● **Directions**
Return the data below exactly, but only from the line containing "X176.177Y-128.956" through the line containing "0.8) (diff_pair_width 0.4)", with both of those lines included.

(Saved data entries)
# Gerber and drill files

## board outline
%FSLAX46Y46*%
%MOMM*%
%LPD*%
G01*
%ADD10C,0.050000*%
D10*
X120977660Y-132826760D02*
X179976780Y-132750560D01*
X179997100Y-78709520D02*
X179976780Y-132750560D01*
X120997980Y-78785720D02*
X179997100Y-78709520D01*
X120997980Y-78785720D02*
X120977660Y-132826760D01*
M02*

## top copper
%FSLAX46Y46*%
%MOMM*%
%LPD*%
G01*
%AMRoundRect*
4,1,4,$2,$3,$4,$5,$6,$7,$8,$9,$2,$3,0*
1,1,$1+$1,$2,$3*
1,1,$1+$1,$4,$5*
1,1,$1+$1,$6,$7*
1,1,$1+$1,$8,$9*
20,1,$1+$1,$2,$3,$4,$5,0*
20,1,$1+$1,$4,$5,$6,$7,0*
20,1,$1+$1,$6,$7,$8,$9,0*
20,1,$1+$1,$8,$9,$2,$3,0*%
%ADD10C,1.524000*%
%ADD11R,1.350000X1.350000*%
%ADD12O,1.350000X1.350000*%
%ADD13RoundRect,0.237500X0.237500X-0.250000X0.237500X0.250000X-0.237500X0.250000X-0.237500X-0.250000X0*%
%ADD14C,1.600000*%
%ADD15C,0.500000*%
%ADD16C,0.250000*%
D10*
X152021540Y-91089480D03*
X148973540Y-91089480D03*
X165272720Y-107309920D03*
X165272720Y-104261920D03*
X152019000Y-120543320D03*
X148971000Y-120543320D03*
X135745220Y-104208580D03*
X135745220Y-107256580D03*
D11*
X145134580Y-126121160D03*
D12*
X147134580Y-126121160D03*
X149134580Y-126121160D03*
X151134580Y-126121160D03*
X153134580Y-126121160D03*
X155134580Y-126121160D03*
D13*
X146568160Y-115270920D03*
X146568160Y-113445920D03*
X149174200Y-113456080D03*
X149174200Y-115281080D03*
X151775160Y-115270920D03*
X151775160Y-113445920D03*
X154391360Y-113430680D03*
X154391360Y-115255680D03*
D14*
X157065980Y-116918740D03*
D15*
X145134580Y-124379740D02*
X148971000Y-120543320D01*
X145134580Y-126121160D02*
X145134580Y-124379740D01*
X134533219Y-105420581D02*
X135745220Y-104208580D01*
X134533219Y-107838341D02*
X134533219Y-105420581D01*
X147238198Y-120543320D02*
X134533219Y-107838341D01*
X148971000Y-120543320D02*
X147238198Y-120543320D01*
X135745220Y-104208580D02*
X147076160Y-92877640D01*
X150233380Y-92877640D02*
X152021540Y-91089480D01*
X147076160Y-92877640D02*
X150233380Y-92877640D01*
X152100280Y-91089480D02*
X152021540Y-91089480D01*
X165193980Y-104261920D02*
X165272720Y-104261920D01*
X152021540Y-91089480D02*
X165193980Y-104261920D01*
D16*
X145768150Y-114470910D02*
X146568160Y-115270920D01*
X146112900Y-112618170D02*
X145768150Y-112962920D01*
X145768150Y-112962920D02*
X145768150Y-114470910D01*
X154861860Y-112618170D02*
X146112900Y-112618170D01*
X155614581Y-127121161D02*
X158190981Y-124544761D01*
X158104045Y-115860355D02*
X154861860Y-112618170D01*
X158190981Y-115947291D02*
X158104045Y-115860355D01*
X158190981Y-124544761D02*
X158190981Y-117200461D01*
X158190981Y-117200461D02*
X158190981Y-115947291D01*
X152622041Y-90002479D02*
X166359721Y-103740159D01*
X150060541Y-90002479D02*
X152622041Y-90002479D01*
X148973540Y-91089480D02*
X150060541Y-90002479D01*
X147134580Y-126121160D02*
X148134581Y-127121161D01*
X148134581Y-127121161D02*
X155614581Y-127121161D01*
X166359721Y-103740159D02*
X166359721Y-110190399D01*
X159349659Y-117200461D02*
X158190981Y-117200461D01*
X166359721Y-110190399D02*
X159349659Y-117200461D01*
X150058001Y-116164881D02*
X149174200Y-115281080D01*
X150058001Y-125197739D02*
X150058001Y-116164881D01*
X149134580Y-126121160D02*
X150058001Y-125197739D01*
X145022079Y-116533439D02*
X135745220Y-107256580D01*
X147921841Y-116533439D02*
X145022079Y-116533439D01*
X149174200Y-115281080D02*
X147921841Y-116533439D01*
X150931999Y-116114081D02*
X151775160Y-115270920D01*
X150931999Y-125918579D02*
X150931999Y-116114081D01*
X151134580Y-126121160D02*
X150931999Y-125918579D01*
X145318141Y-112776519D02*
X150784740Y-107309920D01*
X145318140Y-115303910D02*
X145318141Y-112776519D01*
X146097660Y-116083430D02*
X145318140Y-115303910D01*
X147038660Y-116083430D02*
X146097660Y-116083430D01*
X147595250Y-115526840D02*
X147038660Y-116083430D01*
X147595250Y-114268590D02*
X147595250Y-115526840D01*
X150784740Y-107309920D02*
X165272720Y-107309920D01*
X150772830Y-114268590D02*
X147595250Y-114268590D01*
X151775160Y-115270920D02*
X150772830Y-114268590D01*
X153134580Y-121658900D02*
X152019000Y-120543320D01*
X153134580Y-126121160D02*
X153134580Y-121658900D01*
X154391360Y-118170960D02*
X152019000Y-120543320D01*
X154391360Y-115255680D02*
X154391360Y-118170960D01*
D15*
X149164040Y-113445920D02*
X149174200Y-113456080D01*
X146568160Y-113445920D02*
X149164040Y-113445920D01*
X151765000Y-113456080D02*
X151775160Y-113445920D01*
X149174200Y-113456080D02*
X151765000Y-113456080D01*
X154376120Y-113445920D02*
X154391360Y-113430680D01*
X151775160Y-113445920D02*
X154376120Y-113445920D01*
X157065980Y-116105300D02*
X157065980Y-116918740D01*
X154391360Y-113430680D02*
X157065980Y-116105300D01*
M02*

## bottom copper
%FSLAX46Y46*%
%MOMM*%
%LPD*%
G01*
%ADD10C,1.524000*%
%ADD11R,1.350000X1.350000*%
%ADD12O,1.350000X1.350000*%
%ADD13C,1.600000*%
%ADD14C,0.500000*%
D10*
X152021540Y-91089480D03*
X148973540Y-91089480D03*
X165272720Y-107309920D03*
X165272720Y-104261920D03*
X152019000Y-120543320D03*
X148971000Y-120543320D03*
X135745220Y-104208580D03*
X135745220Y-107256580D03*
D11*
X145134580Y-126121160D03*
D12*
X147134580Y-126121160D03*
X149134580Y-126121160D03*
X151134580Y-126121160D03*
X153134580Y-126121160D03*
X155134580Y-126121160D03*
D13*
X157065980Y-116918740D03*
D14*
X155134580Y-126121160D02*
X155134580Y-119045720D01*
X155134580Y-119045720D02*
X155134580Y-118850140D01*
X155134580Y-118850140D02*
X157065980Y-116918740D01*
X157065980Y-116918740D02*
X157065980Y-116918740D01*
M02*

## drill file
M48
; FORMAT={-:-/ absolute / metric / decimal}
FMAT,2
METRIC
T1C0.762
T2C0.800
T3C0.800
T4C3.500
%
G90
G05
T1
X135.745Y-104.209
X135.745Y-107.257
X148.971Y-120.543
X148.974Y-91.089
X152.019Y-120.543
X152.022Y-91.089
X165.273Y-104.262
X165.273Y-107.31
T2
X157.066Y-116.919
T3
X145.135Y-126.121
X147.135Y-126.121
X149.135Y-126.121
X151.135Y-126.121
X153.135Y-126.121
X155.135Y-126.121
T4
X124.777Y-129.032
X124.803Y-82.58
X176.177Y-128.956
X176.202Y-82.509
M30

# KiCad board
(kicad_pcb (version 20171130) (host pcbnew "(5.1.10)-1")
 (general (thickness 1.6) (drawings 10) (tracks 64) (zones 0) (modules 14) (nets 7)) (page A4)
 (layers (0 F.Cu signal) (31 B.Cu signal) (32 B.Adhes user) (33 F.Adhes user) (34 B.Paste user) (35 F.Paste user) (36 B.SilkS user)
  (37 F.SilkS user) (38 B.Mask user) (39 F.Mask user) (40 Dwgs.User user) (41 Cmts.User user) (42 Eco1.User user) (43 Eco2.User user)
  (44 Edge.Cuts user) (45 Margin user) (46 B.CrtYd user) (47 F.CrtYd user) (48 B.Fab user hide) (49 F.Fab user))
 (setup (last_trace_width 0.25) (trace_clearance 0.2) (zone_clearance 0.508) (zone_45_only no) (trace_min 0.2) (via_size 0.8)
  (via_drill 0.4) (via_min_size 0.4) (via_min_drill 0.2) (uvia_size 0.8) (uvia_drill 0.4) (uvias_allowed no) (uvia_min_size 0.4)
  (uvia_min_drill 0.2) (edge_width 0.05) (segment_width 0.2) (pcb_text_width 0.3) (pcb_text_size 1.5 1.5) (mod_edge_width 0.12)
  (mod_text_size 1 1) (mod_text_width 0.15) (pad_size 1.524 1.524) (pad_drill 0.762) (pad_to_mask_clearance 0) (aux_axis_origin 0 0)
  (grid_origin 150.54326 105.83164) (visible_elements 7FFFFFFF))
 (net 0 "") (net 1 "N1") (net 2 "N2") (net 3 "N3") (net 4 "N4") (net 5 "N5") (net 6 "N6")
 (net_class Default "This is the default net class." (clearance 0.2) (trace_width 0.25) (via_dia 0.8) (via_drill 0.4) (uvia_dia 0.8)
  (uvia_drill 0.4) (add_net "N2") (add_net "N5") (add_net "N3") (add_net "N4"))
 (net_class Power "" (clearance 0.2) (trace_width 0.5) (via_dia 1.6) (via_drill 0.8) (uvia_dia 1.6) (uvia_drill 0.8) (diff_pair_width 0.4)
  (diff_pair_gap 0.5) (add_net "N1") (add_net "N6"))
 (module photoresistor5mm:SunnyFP (layer B.Cu) (at 150.43912 105.8418)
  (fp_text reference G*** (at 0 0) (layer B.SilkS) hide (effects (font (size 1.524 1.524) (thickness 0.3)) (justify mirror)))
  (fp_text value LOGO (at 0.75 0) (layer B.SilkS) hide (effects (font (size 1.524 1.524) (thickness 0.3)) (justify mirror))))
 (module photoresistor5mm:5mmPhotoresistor (layer F.Cu) (at 150.49754 91.08948 180)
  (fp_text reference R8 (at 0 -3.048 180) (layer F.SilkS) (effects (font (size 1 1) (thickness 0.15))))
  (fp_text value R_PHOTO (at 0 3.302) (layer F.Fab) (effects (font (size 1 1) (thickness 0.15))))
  (pad 1 thru_hole circle (at -1.524 0 180) (size 1.524 1.524) (drill 0.762) (layers *.Cu *.Mask) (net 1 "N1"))
  (pad 2 thru_hole circle (at 1.524 0 180) (size 1.524 1.524) (drill 0.762) (layers *.Cu *.Mask) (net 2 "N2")))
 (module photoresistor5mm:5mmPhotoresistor (layer F.Cu) (at 165.27272 105.78592 270)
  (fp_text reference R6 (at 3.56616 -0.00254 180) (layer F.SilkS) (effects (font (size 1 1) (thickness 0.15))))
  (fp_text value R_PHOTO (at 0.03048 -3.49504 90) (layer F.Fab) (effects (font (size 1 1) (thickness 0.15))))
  (pad 2 thru_hole circle (at 1.524 0 270) (size 1.524 1.524) (drill 0.762) (layers *.Cu *.Mask) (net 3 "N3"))
  (pad 1 thru_hole circle (at -1.524 0 270) (size 1.524 1.524) (drill 0.762) (layers *.Cu *.Mask) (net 1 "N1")))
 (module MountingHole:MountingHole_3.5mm (layer F.Cu) (at 176.17694 128.9558)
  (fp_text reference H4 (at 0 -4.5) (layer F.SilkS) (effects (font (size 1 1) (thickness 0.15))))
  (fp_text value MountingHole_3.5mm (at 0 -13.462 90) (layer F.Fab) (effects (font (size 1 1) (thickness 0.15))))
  (pad 1 np_thru_hole circle (at 0 0) (size 3.5 3.5) (drill 3.5) (layers *.Cu *.Mask)))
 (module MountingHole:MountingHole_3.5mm (layer F.Cu) (at 124.7775 129.032)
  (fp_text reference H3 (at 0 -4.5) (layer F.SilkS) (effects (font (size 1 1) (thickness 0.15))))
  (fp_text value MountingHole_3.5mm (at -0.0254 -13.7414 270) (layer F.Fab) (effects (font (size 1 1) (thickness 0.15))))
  (pad 1 np_thru_hole circle (at 0 0) (size 3.5 3.5) (drill 3.5) (layers *.Cu *.Mask)))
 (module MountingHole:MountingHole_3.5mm (layer F.Cu) (at 176.20234 82.50936 180)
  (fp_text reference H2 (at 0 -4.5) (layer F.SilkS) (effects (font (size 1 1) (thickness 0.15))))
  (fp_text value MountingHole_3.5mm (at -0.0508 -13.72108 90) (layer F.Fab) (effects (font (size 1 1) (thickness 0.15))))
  (pad 1 np_thru_hole circle (at 0 0 180) (size 3.5 3.5) (drill 3.5) (layers *.Cu *.Mask)))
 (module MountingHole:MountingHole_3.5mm (layer F.Cu) (at 124.8029 82.58048 180)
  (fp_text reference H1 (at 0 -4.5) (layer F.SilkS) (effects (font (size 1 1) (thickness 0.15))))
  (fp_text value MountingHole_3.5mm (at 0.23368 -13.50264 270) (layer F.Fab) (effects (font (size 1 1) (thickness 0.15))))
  (pad 1 np_thru_hole circle (at 0 0 180) (size 3.5 3.5) (drill 3.5) (layers *.Cu *.Mask)))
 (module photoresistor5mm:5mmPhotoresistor (layer F.Cu) (at 150.495 120.54332)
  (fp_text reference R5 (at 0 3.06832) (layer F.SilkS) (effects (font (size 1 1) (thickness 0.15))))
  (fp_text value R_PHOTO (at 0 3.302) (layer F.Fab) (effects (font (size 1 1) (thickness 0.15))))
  (pad 2 thru_hole circle (at 1.524 0) (size 1.524 1.524) (drill 0.762) (layers *.Cu *.Mask) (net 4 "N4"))
  (pad 1 thru_hole circle (at -1.524 0) (size 1.524 1.524) (drill 0.762) (layers *.Cu *.Mask) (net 1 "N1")))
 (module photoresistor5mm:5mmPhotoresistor (layer F.Cu) (at 135.74522 105.73258 270)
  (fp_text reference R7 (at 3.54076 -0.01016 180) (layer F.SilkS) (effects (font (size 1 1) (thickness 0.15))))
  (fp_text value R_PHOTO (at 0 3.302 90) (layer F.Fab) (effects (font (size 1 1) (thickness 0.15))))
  (pad 1 thru_hole circle (at -1.524 0 270) (size 1.524 1.524) (drill 0.762) (layers *.Cu *.Mask) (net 1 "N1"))
  (pad 2 thru_hole circle (at 1.524 0 270) (size 1.524 1.524) (drill 0.762) (layers *.Cu *.Mask) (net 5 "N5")))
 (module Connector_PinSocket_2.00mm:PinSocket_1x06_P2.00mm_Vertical (layer B.Cu) (at 145.13458 126.12116 270)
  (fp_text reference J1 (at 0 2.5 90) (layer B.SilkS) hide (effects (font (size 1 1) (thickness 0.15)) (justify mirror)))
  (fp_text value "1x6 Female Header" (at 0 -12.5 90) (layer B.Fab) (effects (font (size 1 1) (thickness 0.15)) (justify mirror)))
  (pad 1 thru_hole rect (at 0 0 270) (size 1.35 1.35) (drill 0.8) (layers *.Cu *.Mask) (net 1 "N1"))
  (pad 2 thru_hole oval (at 0 -2 270) (size 1.35 1.35) (drill 0.8) (layers *.Cu *.Mask) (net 2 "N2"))
  (pad 3 thru_hole oval (at 0 -4 270) (size 1.35 1.35) (drill 0.8) (layers *.Cu *.Mask) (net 5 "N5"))
  (pad 4 thru_hole oval (at 0 -6 270) (size 1.35 1.35) (drill 0.8) (layers *.Cu *.Mask) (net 3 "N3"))
  (pad 5 thru_hole oval (at 0 -8 270) (size 1.35 1.35) (drill 0.8) (layers *.Cu *.Mask) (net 4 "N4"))
  (pad 6 thru_hole oval (at 0 -10 270) (size 1.35 1.35) (drill 0.8) (layers *.Cu *.Mask) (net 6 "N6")))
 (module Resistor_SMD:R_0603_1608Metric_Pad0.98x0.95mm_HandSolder (layer F.Cu) (at 146.56816 114.35842 90)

● **Solution**
X176.177Y-128.956
X176.202Y-82.509
M30

# KiCad board
(kicad_pcb (version 20171130) (host pcbnew "(5.1.10)-1")
 (general (thickness 1.6) (drawings 10) (tracks 64) (zones 0) (modules 14) (nets 7)) (page A4)
 (layers (0 F.Cu signal) (31 B.Cu signal) (32 B.Adhes user) (33 F.Adhes user) (34 B.Paste user) (35 F.Paste user) (36 B.SilkS user)
  (37 F.SilkS user) (38 B.Mask user) (39 F.Mask user) (40 Dwgs.User user) (41 Cmts.User user) (42 Eco1.User user) (43 Eco2.User user)
  (44 Edge.Cuts user) (45 Margin user) (46 B.CrtYd user) (47 F.CrtYd user) (48 B.Fab user hide) (49 F.Fab user))
 (setup (last_trace_width 0.25) (trace_clearance 0.2) (zone_clearance 0.508) (zone_45_only no) (trace_min 0.2) (via_size 0.8)
  (via_drill 0.4) (via_min_size 0.4) (via_min_drill 0.2) (uvia_size 0.8) (uvia_drill 0.4) (uvias_allowed no) (uvia_min_size 0.4)
  (uvia_min_drill 0.2) (edge_width 0.05) (segment_width 0.2) (pcb_text_width 0.3) (pcb_text_size 1.5 1.5) (mod_edge_width 0.12)
  (mod_text_size 1 1) (mod_text_width 0.15) (pad_size 1.524 1.524) (pad_drill 0.762) (pad_to_mask_clearance 0) (aux_axis_origin 0 0)
  (grid_origin 150.54326 105.83164) (visible_elements 7FFFFFFF))
 (net 0 "") (net 1 "N1") (net 2 "N2") (net 3 "N3") (net 4 "N4") (net 5 "N5") (net 6 "N6")
 (net_class Default "This is the default net class." (clearance 0.2) (trace_width 0.25) (via_dia 0.8) (via_drill 0.4) (uvia_dia 0.8)
  (uvia_drill 0.4) (add_net "N2") (add_net "N5") (add_net "N3") (add_net "N4"))
 (net_class Power "" (clearance 0.2) (trace_width 0.5) (via_dia 1.6) (via_drill 0.8) (uvia_dia 1.6) (uvia_drill 0.8) (diff_pair_width 0.4)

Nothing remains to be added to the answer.